→ PROBLEM STATEMENT: Look below for the line holding "X155.64Y-99.4" and the line holding "(kicad_pcb (version 20240108)". Transcribe exactly those lines and all lines between them, nothing more.

Extracted data entries
··········
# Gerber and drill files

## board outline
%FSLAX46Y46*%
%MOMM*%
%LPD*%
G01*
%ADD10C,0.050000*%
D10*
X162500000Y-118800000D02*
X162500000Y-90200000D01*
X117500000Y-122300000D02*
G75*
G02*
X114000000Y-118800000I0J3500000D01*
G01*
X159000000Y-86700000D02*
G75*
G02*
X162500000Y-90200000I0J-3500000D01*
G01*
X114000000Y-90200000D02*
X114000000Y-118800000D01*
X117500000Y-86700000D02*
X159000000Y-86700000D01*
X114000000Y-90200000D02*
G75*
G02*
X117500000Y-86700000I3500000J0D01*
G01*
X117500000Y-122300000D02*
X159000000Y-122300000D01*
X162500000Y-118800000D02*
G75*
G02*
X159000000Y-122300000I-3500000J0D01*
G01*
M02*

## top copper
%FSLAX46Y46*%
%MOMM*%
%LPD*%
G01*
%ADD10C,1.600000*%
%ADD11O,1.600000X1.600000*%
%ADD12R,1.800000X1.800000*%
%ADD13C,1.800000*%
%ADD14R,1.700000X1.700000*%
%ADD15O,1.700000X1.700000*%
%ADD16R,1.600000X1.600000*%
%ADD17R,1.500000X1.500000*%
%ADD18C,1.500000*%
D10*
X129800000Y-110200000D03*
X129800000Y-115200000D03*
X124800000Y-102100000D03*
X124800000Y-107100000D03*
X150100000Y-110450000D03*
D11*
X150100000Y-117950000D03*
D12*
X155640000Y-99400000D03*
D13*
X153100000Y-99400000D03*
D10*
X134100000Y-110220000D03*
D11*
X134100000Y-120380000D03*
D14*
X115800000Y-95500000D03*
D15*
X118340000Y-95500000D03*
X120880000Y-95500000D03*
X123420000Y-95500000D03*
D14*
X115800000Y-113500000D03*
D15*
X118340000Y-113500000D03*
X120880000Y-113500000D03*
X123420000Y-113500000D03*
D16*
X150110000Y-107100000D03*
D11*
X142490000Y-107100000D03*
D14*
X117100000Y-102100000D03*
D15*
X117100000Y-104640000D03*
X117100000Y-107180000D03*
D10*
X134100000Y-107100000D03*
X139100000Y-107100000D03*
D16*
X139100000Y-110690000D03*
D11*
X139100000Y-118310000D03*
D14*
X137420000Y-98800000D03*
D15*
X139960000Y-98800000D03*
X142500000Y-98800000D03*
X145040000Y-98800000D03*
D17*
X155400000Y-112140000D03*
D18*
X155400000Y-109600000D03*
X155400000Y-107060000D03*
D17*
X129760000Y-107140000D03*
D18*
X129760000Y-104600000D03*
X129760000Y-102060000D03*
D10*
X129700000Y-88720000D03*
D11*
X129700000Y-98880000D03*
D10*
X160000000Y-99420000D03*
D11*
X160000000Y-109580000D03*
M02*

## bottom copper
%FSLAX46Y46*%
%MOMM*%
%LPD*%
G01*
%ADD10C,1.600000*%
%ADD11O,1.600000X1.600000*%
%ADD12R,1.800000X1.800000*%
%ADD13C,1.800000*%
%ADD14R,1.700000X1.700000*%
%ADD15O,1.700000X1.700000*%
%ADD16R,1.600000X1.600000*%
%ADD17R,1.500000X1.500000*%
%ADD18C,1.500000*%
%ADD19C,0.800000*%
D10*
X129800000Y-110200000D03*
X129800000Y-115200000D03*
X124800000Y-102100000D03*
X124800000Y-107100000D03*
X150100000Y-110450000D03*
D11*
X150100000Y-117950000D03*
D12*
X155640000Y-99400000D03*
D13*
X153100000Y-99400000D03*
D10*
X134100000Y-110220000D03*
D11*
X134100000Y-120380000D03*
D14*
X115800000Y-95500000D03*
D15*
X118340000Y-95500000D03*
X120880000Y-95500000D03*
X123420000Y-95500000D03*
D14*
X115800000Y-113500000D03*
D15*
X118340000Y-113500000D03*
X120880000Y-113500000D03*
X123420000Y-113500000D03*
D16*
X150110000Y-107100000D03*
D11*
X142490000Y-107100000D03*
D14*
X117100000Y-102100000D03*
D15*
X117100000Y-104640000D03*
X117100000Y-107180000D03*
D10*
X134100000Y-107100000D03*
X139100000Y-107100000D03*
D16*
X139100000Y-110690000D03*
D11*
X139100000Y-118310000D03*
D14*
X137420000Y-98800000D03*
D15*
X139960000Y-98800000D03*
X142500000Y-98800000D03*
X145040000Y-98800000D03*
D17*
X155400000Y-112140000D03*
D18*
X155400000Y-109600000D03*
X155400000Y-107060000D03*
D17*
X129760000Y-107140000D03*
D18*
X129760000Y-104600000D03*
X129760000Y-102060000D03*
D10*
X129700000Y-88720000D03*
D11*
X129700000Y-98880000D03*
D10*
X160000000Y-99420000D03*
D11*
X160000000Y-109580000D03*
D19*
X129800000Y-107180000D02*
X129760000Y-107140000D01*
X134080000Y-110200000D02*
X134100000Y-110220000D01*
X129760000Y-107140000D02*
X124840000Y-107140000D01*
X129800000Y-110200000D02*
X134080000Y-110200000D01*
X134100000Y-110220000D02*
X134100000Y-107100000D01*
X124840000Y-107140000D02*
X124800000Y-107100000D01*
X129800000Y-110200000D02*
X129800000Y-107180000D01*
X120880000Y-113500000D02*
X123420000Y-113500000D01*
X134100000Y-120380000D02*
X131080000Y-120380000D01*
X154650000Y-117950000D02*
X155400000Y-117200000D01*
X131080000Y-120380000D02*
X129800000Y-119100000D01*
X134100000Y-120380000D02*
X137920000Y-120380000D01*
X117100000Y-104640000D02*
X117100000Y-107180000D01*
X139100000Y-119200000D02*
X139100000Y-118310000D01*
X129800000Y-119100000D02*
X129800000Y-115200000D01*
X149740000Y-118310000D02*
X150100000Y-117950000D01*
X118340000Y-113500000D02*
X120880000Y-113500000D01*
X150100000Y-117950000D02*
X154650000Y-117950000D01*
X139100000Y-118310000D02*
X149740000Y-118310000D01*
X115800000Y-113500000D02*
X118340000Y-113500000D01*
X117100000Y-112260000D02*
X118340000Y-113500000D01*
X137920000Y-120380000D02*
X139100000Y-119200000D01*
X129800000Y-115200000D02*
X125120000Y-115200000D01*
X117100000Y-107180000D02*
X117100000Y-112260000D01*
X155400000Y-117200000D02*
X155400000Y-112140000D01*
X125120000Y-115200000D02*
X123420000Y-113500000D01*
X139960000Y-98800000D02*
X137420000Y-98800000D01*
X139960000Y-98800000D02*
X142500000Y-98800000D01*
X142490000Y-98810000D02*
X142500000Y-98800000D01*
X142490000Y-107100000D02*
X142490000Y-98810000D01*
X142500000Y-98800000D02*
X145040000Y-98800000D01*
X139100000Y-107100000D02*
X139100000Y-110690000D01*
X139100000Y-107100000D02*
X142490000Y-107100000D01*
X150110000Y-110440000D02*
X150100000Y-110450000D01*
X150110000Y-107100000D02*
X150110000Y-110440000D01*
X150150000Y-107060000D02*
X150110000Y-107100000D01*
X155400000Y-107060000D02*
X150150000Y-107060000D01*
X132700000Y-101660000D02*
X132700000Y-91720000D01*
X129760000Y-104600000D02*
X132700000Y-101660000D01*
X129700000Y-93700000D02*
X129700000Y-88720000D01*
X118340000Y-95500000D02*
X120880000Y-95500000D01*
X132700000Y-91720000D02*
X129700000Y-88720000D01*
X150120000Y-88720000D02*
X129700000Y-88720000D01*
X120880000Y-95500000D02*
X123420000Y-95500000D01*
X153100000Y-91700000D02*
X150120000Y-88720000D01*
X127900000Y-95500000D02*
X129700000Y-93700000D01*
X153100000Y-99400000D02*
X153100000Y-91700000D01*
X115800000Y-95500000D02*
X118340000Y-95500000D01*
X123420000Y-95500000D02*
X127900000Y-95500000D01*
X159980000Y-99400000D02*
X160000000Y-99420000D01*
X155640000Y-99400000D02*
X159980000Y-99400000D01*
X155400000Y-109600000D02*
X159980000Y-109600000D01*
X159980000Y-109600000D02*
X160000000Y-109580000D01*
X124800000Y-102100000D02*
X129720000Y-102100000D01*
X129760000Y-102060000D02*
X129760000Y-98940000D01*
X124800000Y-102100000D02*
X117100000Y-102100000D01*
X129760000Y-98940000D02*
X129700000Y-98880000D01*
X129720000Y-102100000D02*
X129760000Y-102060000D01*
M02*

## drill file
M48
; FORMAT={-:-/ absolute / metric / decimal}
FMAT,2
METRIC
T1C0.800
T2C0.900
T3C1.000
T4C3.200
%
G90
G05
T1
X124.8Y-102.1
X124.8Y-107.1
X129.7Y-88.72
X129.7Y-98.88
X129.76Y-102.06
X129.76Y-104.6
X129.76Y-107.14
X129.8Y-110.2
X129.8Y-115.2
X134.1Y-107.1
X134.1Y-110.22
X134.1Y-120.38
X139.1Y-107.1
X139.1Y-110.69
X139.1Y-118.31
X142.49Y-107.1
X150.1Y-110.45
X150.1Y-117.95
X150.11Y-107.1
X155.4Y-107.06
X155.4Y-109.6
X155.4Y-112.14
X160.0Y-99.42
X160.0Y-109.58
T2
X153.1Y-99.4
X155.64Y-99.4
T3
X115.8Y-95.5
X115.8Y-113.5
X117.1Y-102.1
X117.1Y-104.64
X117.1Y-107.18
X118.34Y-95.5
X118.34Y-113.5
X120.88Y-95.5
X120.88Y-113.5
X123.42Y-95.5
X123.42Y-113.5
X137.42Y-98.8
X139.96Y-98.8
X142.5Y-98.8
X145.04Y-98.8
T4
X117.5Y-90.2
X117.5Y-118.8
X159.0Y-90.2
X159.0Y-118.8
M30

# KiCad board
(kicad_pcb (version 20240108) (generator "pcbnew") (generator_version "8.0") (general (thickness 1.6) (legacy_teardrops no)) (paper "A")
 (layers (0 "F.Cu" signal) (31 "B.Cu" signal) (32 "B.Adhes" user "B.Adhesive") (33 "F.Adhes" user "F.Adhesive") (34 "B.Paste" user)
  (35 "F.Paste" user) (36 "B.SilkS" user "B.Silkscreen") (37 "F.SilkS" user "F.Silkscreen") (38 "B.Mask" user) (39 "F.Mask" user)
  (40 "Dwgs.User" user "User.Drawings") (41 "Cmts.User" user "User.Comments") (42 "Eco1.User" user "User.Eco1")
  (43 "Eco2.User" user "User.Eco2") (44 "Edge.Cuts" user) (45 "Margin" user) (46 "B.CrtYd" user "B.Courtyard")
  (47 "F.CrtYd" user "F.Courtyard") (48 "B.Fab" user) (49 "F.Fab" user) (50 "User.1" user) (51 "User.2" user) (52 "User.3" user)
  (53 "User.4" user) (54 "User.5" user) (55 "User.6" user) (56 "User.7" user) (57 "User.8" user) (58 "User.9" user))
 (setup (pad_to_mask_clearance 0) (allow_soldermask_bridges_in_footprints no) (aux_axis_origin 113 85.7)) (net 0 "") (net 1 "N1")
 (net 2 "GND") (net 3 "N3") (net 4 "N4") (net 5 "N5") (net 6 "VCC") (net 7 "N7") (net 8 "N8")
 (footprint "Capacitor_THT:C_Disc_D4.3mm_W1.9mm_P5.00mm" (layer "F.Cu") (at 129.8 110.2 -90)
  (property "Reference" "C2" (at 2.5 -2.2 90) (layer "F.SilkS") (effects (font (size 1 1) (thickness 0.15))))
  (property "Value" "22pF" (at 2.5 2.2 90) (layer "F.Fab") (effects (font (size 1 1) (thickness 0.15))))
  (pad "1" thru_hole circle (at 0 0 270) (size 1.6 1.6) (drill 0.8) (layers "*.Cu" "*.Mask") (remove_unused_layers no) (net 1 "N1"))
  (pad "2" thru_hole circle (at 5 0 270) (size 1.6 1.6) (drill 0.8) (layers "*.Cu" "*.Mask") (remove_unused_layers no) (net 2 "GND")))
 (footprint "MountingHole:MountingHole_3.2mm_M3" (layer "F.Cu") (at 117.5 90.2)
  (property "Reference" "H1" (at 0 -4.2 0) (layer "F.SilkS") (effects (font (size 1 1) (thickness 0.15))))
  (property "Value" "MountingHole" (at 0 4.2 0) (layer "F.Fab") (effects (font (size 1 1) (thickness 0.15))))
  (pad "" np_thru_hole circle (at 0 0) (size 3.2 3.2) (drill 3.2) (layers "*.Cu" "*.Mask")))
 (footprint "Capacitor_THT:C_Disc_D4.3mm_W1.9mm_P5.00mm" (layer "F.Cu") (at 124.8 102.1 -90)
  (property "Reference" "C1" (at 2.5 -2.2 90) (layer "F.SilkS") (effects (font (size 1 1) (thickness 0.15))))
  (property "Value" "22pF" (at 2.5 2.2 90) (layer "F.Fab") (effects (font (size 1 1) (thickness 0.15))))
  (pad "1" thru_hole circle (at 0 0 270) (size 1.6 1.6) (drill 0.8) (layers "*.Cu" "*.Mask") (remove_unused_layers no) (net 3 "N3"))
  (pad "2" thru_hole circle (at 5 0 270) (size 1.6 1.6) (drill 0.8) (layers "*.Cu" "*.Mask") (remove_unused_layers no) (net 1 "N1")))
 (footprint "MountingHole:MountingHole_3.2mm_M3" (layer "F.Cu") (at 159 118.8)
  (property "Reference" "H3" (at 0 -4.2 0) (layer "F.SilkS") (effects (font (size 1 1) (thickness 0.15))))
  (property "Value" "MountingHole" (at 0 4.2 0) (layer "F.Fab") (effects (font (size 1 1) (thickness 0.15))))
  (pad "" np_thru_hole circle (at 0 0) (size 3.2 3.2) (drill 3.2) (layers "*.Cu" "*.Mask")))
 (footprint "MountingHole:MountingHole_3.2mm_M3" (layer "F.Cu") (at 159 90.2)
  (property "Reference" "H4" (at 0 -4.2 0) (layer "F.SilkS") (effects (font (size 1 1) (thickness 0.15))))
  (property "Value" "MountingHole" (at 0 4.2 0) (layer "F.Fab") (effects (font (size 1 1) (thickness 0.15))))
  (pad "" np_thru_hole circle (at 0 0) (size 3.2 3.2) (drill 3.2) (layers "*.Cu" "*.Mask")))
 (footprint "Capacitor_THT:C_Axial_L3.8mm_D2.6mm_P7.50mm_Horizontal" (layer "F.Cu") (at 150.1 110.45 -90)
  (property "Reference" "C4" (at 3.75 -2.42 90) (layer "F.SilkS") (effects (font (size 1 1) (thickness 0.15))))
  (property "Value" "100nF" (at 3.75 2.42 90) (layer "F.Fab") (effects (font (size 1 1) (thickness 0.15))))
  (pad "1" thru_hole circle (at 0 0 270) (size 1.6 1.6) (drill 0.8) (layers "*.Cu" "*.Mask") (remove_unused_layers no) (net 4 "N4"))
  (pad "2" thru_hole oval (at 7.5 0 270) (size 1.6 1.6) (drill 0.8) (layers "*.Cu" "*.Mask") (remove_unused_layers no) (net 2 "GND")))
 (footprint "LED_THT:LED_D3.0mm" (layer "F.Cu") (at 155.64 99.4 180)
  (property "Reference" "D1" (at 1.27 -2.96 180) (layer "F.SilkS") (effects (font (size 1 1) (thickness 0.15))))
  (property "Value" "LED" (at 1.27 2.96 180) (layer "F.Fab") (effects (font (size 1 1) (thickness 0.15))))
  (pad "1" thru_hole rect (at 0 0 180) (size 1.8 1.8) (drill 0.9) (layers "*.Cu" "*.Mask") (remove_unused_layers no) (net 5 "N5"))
··········
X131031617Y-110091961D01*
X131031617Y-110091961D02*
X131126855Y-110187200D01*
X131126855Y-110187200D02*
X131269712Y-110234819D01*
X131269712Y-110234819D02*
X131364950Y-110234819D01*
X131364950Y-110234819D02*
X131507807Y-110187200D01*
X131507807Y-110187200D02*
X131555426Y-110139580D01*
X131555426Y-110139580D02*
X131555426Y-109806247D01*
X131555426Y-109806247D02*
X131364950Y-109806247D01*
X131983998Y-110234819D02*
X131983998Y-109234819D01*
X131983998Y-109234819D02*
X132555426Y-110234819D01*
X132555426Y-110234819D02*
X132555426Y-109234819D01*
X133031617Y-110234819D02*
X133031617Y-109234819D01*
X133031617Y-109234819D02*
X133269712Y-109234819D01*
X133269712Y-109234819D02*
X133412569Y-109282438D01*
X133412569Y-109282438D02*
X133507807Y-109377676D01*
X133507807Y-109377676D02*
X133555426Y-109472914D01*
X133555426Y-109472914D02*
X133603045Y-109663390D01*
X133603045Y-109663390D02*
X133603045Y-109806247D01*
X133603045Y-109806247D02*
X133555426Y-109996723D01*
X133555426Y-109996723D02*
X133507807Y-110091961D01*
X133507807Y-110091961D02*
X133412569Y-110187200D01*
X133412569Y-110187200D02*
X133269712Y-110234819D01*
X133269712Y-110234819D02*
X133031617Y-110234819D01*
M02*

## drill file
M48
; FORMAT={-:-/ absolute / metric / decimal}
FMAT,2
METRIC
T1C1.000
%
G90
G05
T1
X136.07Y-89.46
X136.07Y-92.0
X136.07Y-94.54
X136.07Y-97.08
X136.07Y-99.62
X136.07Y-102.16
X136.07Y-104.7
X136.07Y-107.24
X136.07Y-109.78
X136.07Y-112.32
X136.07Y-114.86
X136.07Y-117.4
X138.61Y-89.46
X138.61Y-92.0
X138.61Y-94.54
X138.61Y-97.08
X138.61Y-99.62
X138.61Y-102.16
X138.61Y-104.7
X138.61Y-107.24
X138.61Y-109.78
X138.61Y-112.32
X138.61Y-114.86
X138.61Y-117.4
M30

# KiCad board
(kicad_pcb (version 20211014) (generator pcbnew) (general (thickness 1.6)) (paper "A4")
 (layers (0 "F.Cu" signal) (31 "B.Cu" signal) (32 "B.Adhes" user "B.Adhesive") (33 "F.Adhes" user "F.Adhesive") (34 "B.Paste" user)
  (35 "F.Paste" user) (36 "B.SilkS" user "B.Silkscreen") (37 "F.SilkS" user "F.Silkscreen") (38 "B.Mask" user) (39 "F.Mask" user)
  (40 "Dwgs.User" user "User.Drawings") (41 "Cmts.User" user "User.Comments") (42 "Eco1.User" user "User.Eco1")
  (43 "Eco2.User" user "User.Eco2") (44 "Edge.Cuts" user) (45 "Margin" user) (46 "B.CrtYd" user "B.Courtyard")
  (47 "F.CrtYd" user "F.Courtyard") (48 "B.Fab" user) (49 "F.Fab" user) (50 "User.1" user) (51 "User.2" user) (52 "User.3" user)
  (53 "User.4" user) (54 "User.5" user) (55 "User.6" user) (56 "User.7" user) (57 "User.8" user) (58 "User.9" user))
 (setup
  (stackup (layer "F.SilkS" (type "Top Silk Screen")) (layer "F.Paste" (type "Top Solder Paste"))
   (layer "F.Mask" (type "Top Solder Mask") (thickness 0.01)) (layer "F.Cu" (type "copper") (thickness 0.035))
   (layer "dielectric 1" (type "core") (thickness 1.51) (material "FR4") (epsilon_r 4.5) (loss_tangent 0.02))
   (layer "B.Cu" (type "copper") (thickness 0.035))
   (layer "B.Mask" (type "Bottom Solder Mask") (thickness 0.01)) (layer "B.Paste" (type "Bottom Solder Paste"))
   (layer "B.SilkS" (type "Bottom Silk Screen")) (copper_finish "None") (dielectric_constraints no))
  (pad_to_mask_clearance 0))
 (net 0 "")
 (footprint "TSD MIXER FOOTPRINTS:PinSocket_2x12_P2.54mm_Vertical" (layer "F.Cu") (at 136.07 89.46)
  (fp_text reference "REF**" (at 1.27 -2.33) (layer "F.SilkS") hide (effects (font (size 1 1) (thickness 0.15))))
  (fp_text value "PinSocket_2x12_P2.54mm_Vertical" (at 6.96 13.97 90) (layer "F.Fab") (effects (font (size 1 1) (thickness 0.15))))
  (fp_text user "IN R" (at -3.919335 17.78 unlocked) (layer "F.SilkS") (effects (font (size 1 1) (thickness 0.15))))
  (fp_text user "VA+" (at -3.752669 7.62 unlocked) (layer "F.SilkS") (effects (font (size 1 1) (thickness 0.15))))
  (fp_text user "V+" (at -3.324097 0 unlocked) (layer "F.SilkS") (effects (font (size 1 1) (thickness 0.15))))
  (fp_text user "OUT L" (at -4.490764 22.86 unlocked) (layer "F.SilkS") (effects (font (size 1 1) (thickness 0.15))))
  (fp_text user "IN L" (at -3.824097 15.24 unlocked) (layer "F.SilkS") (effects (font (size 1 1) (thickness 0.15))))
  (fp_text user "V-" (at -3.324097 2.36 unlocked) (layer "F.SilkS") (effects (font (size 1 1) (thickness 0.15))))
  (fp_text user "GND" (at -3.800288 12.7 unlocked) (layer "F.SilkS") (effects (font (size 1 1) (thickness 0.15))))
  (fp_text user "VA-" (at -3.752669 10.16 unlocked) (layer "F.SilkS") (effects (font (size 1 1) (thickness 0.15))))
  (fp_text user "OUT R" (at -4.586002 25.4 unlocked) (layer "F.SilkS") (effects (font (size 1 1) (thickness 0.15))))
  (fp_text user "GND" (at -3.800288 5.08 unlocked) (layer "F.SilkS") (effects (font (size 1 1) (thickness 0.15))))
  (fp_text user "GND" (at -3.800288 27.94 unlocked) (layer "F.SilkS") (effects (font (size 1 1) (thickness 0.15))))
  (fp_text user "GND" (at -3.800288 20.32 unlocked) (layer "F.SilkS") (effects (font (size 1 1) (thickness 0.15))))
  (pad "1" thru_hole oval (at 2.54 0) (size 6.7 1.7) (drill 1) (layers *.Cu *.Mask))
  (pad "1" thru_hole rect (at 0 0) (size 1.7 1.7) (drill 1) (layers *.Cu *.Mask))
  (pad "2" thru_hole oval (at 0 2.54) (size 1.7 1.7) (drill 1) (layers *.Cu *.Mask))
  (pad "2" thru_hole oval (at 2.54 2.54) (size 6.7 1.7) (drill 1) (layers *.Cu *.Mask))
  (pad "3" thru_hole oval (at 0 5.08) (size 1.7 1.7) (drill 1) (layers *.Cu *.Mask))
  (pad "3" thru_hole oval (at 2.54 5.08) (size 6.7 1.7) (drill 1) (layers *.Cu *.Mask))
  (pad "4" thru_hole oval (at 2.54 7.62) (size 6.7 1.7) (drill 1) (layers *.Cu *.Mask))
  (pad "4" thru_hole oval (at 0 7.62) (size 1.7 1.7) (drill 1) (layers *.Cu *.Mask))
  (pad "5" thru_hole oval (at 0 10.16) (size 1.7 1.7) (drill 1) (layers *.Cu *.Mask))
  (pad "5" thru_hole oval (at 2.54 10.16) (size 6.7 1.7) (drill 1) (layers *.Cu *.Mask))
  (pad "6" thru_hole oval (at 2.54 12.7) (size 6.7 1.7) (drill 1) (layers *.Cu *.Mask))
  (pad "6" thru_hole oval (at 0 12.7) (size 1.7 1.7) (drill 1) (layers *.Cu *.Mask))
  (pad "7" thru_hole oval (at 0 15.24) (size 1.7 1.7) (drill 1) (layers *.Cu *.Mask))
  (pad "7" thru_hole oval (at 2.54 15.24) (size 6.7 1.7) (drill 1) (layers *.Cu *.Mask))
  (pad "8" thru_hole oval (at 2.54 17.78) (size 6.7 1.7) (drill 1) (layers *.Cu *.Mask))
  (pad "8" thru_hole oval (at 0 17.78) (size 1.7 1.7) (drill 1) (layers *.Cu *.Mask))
··········
→ SOLVED EXERCISE:
X155.64Y-99.4
T3
X115.8Y-95.5
X115.8Y-113.5
X117.1Y-102.1
X117.1Y-104.64
X117.1Y-107.18
X118.34Y-95.5
X118.34Y-113.5
X120.88Y-95.5
X120.88Y-113.5
X123.42Y-95.5
X123.42Y-113.5
X137.42Y-98.8
X139.96Y-98.8
X142.5Y-98.8
X145.04Y-98.8
T4
X117.5Y-90.2
X117.5Y-118.8
X159.0Y-90.2
X159.0Y-118.8
M30

# KiCad board
(kicad_pcb (version 20240108) (generator "pcbnew") (generator_version "8.0") (general (thickness 1.6) (legacy_teardrops no)) (paper "A")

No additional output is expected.